Well I am feeling thouroughly sorry for myself and depressed. I just joined up to Facebook and tracked down lots of my old school friends who are all thin, gorgeous, well groomed, tanned, have clothes to die for, have amazing social lives, are getting on well at uni, seem to have loads of money, all drive and have cars, are in relationships with really nice, good looking guys, I could go on and on. I am currently sat here in a pair of pj's that are a gazillion years old, covered in baby spit and have half of my dinner down the front of my top because C needed feeding at the same time I was eating. My hair needs washing and is tied up like Caroles from Big Brother, and I have 2 stone of weight to loose- still. I can't remember the last time I saw another human being that I wasn't related to and the nice clothes I did buy for myself last month probably no longer fit.

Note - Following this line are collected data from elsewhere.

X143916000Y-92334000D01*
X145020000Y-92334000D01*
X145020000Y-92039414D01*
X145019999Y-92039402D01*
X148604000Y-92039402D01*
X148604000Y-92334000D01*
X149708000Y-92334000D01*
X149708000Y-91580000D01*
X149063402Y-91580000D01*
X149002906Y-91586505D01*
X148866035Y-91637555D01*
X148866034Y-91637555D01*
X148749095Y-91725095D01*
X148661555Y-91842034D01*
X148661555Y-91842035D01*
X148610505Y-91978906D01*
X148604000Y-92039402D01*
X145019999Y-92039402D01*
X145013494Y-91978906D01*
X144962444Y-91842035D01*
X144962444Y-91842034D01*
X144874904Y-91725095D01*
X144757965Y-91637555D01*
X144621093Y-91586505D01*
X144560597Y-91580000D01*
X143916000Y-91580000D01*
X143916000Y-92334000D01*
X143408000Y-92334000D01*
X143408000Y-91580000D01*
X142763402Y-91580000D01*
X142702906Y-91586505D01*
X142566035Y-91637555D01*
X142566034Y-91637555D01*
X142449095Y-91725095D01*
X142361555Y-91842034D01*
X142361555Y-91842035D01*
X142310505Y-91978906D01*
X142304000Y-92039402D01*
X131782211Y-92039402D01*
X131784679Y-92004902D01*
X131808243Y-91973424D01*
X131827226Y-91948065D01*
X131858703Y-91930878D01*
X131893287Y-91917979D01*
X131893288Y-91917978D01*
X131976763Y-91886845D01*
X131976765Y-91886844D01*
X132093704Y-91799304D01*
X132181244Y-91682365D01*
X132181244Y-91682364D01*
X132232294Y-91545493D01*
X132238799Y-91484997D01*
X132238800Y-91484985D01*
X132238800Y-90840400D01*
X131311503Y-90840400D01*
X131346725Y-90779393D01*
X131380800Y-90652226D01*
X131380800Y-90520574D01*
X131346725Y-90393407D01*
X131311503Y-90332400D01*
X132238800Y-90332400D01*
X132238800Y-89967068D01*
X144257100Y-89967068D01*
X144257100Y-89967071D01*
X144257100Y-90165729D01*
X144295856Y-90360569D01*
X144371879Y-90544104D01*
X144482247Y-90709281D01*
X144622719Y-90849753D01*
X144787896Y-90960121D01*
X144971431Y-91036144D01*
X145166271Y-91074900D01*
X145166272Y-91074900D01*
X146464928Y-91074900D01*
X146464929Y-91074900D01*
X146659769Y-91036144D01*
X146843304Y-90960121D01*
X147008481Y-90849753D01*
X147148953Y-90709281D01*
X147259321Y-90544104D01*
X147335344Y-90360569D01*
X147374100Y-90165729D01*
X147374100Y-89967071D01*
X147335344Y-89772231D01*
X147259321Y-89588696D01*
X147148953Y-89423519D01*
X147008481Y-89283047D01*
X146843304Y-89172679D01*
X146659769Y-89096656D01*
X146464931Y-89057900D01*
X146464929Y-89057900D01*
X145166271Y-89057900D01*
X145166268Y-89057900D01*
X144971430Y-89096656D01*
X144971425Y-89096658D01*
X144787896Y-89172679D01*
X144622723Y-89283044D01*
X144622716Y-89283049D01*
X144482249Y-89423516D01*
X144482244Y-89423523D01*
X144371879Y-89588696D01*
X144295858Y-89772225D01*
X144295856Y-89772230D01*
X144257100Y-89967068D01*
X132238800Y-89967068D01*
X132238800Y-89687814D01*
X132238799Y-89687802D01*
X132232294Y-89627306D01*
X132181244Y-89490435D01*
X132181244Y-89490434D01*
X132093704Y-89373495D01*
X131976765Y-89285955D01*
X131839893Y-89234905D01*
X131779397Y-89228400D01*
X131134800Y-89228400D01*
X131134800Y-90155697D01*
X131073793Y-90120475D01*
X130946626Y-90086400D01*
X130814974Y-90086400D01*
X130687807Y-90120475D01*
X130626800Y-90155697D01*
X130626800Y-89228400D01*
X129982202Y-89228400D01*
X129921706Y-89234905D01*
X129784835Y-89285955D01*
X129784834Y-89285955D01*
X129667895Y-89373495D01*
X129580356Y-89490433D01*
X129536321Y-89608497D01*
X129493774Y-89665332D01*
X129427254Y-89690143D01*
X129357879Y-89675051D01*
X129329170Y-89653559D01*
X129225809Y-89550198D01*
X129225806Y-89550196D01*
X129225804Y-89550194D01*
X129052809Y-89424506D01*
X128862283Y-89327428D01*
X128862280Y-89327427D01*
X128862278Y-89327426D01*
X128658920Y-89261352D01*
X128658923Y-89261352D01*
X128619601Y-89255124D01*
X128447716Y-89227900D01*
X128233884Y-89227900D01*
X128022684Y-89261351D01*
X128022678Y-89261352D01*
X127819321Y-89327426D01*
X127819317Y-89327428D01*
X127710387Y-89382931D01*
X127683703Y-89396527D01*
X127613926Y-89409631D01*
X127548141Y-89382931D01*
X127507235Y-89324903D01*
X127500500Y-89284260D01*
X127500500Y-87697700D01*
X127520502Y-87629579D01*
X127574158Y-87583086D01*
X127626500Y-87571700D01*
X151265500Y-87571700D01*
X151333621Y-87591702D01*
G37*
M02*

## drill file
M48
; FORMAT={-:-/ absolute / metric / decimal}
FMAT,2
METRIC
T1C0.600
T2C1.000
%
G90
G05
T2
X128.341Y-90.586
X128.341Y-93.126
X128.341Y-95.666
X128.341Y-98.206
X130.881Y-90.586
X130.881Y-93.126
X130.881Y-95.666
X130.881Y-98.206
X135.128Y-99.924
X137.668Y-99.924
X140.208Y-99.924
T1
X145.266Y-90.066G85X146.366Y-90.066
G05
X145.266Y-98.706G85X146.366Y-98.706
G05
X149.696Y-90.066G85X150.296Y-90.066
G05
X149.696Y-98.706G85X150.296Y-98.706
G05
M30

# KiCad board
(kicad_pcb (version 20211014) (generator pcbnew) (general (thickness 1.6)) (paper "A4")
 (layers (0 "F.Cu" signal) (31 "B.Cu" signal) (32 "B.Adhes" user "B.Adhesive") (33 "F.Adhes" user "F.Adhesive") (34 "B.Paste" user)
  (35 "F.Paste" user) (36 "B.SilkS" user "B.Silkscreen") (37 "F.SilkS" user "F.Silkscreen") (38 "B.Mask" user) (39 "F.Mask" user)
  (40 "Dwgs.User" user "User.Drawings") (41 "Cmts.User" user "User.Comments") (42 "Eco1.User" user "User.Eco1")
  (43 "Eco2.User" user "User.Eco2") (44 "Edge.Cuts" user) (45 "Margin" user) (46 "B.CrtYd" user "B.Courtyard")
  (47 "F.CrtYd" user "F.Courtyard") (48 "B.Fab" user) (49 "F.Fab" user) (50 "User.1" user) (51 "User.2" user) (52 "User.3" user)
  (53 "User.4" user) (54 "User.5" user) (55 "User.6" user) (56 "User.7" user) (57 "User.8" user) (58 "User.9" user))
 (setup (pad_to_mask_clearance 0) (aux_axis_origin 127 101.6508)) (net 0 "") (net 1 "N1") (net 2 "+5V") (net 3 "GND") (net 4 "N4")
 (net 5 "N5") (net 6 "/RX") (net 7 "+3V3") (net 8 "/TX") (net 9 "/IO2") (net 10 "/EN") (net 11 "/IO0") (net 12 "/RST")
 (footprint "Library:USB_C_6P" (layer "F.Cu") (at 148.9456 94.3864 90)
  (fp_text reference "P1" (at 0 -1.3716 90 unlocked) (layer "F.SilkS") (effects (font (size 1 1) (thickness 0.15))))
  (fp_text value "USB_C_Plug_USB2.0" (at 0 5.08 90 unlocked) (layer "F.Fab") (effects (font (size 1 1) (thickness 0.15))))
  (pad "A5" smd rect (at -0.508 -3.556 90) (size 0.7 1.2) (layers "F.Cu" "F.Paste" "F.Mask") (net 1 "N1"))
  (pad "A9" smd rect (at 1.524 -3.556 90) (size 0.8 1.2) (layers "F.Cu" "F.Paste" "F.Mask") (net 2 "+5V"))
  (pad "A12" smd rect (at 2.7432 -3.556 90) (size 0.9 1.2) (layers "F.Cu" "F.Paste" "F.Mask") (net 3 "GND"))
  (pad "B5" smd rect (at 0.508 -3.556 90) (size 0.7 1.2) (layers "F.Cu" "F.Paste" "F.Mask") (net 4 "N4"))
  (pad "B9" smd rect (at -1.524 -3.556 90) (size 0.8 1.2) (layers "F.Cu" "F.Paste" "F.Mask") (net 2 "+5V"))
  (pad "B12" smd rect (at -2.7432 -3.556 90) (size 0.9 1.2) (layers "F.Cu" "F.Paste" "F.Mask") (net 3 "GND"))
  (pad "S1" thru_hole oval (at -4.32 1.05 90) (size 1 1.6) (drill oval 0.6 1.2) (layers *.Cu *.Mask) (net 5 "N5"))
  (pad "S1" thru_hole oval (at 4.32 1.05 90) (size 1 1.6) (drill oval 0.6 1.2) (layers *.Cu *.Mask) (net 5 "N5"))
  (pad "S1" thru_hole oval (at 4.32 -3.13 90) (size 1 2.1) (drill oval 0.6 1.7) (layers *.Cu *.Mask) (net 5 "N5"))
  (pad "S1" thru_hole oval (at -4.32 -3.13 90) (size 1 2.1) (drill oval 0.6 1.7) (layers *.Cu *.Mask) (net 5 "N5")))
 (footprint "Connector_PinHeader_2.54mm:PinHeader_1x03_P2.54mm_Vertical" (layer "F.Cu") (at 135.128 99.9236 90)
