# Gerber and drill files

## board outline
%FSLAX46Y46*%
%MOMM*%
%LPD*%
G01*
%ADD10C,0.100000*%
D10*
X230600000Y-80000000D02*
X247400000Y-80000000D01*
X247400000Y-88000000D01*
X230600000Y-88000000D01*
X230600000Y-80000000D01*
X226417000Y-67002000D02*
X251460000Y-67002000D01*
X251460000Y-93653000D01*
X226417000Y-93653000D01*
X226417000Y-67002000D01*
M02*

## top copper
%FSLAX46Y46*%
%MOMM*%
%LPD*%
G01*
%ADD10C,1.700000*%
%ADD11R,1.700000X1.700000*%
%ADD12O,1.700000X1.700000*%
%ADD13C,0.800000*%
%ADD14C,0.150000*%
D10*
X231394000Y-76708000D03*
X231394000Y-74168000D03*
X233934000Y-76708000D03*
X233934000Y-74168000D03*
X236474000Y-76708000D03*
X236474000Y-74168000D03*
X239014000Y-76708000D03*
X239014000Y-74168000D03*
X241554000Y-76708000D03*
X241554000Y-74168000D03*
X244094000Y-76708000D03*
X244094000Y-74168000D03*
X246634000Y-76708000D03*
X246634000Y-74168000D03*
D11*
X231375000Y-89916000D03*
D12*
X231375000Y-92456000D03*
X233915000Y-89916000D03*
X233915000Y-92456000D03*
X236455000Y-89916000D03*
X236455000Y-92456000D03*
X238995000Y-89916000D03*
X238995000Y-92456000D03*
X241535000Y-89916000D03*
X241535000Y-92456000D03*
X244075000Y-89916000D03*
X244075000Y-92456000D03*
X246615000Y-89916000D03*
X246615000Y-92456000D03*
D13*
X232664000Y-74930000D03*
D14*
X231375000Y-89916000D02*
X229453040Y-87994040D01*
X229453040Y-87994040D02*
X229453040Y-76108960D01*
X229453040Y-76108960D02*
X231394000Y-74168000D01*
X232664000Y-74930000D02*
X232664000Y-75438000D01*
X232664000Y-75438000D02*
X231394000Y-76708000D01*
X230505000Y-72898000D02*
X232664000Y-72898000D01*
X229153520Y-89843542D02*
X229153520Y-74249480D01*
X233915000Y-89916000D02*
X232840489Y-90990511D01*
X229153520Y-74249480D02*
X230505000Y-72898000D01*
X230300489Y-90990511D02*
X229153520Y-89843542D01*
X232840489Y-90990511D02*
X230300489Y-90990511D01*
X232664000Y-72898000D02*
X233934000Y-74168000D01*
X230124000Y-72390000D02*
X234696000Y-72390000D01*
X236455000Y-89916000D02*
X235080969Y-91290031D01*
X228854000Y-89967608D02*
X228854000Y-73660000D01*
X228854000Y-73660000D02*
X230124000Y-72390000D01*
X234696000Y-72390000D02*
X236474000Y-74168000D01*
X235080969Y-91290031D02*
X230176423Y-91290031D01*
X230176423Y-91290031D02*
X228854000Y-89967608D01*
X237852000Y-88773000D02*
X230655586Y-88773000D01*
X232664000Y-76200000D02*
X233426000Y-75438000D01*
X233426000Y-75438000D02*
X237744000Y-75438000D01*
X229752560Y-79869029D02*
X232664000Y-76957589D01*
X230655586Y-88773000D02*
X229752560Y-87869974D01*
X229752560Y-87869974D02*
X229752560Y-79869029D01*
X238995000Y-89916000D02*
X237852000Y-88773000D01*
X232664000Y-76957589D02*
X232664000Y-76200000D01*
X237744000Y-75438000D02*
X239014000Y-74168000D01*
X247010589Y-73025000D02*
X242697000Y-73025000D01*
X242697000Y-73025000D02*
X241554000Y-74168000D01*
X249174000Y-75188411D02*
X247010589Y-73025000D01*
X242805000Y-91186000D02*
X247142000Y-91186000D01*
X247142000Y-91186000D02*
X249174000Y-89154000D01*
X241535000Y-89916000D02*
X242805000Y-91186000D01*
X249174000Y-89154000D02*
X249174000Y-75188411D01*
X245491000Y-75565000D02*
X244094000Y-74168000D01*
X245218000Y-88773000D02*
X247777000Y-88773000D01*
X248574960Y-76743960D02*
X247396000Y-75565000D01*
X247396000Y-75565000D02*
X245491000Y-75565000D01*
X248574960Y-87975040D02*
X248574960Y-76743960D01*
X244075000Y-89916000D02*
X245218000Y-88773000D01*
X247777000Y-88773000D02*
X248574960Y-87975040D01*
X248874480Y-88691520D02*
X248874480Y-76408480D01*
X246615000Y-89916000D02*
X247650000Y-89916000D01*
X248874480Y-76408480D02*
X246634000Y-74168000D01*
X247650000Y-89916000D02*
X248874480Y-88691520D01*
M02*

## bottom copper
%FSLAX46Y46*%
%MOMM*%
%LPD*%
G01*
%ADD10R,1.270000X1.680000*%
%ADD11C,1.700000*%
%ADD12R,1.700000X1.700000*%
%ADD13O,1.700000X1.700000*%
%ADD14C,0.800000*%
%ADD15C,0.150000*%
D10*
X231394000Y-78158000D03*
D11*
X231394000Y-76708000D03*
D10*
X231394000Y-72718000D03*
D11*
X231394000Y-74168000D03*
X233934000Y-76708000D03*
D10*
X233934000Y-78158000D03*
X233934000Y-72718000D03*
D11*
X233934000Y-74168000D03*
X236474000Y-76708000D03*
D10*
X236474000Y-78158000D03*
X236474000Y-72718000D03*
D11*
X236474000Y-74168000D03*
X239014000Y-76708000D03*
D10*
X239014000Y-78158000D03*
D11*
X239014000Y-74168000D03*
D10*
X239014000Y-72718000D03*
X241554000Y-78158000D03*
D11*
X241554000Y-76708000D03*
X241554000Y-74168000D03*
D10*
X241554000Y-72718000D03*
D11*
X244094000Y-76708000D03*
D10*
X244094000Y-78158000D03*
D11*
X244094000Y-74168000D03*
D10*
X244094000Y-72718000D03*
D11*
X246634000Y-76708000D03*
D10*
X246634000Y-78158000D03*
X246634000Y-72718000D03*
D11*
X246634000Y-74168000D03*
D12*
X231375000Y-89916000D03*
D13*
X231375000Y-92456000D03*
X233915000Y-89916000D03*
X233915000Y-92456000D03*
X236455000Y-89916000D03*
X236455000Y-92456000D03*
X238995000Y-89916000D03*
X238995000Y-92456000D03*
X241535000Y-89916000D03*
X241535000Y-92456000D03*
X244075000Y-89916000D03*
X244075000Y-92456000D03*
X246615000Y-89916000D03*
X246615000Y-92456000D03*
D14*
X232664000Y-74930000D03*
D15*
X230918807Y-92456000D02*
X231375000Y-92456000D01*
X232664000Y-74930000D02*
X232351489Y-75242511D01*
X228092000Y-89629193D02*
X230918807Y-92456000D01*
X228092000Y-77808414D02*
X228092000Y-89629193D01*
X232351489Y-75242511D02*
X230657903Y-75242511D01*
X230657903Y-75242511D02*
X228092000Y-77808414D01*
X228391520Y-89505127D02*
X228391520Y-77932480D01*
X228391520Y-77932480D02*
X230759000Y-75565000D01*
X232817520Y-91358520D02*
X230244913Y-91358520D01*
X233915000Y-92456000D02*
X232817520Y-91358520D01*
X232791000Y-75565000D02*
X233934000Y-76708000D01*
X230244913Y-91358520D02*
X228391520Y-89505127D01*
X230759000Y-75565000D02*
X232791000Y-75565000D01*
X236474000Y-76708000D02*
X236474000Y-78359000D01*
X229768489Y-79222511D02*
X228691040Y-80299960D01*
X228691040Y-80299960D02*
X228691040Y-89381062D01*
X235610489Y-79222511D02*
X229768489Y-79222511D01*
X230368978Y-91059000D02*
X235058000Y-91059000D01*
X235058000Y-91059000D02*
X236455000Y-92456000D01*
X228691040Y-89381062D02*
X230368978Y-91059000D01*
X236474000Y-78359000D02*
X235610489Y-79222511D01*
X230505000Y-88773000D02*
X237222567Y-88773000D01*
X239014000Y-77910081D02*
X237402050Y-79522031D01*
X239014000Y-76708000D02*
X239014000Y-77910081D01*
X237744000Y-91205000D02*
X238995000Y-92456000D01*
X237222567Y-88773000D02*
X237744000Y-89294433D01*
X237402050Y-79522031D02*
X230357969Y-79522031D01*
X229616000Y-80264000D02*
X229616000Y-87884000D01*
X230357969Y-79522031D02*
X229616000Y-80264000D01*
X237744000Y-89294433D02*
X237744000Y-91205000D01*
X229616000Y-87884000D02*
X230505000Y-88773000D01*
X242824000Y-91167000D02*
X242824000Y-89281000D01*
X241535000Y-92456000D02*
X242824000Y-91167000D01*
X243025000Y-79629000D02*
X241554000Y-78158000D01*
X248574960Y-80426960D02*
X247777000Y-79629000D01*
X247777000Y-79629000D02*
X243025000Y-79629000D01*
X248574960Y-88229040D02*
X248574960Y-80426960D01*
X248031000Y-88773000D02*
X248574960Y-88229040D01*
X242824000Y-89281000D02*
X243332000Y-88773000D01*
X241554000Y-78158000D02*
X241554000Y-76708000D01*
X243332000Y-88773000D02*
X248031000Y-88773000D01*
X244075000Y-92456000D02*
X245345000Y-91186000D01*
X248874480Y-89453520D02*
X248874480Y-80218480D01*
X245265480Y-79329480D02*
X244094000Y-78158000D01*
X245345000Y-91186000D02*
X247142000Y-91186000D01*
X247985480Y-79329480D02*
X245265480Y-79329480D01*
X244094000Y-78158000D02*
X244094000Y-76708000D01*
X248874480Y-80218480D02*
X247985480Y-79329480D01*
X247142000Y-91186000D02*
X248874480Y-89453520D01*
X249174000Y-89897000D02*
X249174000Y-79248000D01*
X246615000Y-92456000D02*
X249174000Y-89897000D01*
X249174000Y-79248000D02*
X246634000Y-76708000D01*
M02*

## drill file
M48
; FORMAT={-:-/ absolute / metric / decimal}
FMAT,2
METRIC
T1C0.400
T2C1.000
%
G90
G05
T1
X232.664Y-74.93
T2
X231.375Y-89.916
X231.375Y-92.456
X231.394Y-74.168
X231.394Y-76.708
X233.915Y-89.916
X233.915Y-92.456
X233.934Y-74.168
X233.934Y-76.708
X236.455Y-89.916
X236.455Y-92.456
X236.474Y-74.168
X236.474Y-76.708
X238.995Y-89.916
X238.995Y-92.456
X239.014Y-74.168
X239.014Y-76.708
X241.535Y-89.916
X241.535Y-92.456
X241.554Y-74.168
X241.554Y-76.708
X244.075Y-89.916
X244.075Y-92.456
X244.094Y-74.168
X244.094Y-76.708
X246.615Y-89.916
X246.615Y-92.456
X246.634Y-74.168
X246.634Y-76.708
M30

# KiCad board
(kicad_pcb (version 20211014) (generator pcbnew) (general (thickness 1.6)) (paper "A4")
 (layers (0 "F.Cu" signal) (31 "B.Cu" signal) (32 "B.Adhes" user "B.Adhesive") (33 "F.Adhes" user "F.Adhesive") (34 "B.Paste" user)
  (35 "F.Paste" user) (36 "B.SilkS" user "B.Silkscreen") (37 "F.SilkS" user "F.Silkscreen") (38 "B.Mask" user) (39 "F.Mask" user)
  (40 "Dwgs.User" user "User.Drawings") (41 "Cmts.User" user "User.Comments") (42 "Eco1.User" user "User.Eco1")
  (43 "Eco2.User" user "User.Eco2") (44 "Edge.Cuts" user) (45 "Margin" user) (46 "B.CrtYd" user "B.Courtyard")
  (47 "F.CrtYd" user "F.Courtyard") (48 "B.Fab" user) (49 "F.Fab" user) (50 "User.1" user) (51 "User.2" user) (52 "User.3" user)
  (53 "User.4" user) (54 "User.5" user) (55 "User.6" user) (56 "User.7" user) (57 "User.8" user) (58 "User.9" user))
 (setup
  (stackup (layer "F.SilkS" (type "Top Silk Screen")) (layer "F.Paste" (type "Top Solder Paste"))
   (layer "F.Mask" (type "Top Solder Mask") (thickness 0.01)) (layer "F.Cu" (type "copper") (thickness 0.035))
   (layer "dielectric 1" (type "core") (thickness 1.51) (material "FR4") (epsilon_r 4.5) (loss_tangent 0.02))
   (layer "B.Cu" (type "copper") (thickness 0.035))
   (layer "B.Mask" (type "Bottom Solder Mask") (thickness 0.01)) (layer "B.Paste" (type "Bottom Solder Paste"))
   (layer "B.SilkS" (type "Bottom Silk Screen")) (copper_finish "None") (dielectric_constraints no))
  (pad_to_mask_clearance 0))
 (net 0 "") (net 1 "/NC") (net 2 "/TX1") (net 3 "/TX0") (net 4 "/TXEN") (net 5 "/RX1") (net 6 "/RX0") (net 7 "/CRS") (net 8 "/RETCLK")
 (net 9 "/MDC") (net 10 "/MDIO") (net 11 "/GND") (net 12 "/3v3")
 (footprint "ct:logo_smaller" (layer "F.Cu") (at 245.872 70.485)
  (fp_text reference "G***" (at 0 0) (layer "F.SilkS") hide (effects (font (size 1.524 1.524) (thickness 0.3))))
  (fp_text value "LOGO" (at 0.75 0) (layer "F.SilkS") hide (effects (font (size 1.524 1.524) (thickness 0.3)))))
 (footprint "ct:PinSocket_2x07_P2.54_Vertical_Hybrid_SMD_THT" (layer "B.Cu") (at 239.014 71.378)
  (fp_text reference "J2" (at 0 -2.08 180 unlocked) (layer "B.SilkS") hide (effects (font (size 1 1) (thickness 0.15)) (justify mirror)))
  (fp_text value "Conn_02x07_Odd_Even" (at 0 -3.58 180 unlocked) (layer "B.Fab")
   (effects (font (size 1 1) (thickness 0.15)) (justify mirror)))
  (pad "1" smd rect (at -7.62 6.78) (size 1.27 1.68) (layers "B.Cu" "B.Paste" "B.Mask") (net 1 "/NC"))
  (pad "1" thru_hole circle (at -7.62 5.33) (size 1.7 1.7) (drill 1) (layers *.Cu *.Mask) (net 1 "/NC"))
  (pad "2" smd rect (at -7.62 1.34) (size 1.27 1.68) (layers "B.Cu" "B.Paste" "B.Mask") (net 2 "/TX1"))
  (pad "2" thru_hole circle (at -7.62 2.79) (size 1.7 1.7) (drill 1) (layers *.Cu *.Mask) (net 2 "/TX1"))
  (pad "3" thru_hole circle (at -5.08 5.33) (size 1.7 1.7) (drill 1) (layers *.Cu *.Mask) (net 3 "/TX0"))
  (pad "3" smd rect (at -5.08 6.78) (size 1.27 1.68) (layers "B.Cu" "B.Paste" "B.Mask") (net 3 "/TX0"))
  (pad "4" smd rect (at -5.08 1.34) (size 1.27 1.68) (layers "B.Cu" "B.Paste" "B.Mask") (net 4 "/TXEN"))
  (pad "4" thru_hole circle (at -5.08 2.79) (size 1.7 1.7) (drill 1) (layers *.Cu *.Mask) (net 4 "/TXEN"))
  (pad "5" thru_hole circle (at -2.54 5.33) (size 1.7 1.7) (drill 1) (layers *.Cu *.Mask) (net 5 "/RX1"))
  (pad "5" smd rect (at -2.54 6.78) (size 1.27 1.68) (layers "B.Cu" "B.Paste" "B.Mask") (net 5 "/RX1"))
  (pad "6" smd rect (at -2.54 1.34) (size 1.27 1.68) (layers "B.Cu" "B.Paste" "B.Mask") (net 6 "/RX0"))
  (pad "6" thru_hole circle (at -2.54 2.79) (size 1.7 1.7) (drill 1) (layers *.Cu *.Mask) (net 6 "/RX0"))
  (pad "7" thru_hole circle (at 0 5.33) (size 1.7 1.7) (drill 1) (layers *.Cu *.Mask) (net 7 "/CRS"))
  (pad "7" smd rect (at 0 6.78) (size 1.27 1.68) (layers "B.Cu" "B.Paste" "B.Mask") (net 7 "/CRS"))
  (pad "8" thru_hole circle (at 0 2.79) (size 1.7 1.7) (drill 1) (layers *.Cu *.Mask) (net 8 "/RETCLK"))
  (pad "8" smd rect (at 0 1.34) (size 1.27 1.68) (layers "B.Cu" "B.Paste" "B.Mask") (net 8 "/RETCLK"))
  (pad "9" smd rect (at 2.54 6.78) (size 1.27 1.68) (layers "B.Cu" "B.Paste" "B.Mask") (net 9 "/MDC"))
  (pad "9" thru_hole circle (at 2.54 5.33) (size 1.7 1.7) (drill 1) (layers *.Cu *.Mask) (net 9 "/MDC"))
  (pad "10" thru_hole circle (at 2.54 2.79) (size 1.7 1.7) (drill 1) (layers *.Cu *.Mask) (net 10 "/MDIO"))
  (pad "10" smd rect (at 2.54 1.34) (size 1.27 1.68) (layers "B.Cu" "B.Paste" "B.Mask") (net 10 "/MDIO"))
  (pad "11" thru_hole circle (at 5.08 5.33) (size 1.7 1.7) (drill 1) (layers *.Cu *.Mask) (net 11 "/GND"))
  (pad "11" smd rect (at 5.08 6.78) (size 1.27 1.68) (layers "B.Cu" "B.Paste" "B.Mask") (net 11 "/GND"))
  (pad "12" thru_hole circle (at 5.08 2.79) (size 1.7 1.7) (drill 1) (layers *.Cu *.Mask) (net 11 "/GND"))
  (pad "12" smd rect (at 5.08 1.34) (size 1.27 1.68) (layers "B.Cu" "B.Paste" "B.Mask") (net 11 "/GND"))
  (pad "13" thru_hole circle (at 7.62 5.33) (size 1.7 1.7) (drill 1) (layers *.Cu *.Mask) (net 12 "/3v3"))
  (pad "13" smd rect (at 7.62 6.78) (size 1.27 1.68) (layers "B.Cu" "B.Paste" "B.Mask") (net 12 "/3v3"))
  (pad "14" smd rect (at 7.62 1.34) (size 1.27 1.68) (layers "B.Cu" "B.Paste" "B.Mask") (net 12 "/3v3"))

I think it's only just now that the cold, harsh reality of not having the life I once did is setting in. I know I have Charlotte and I wouldn't give her up for anything, but I'm really finding myself pining for my old lifestyle recently. I'm 20 and I feel like everythings frickin collapsed! I really need to sort myself out. Sorry to go on when there are some of you guys who have really ill friends/partners. Like I said, feeling sorry for myself! And I'm lonely, I want a nice guy to give me a cuddle! Miss being in a relationship with somebody, you lot are so lucky to have nice dps/dhs!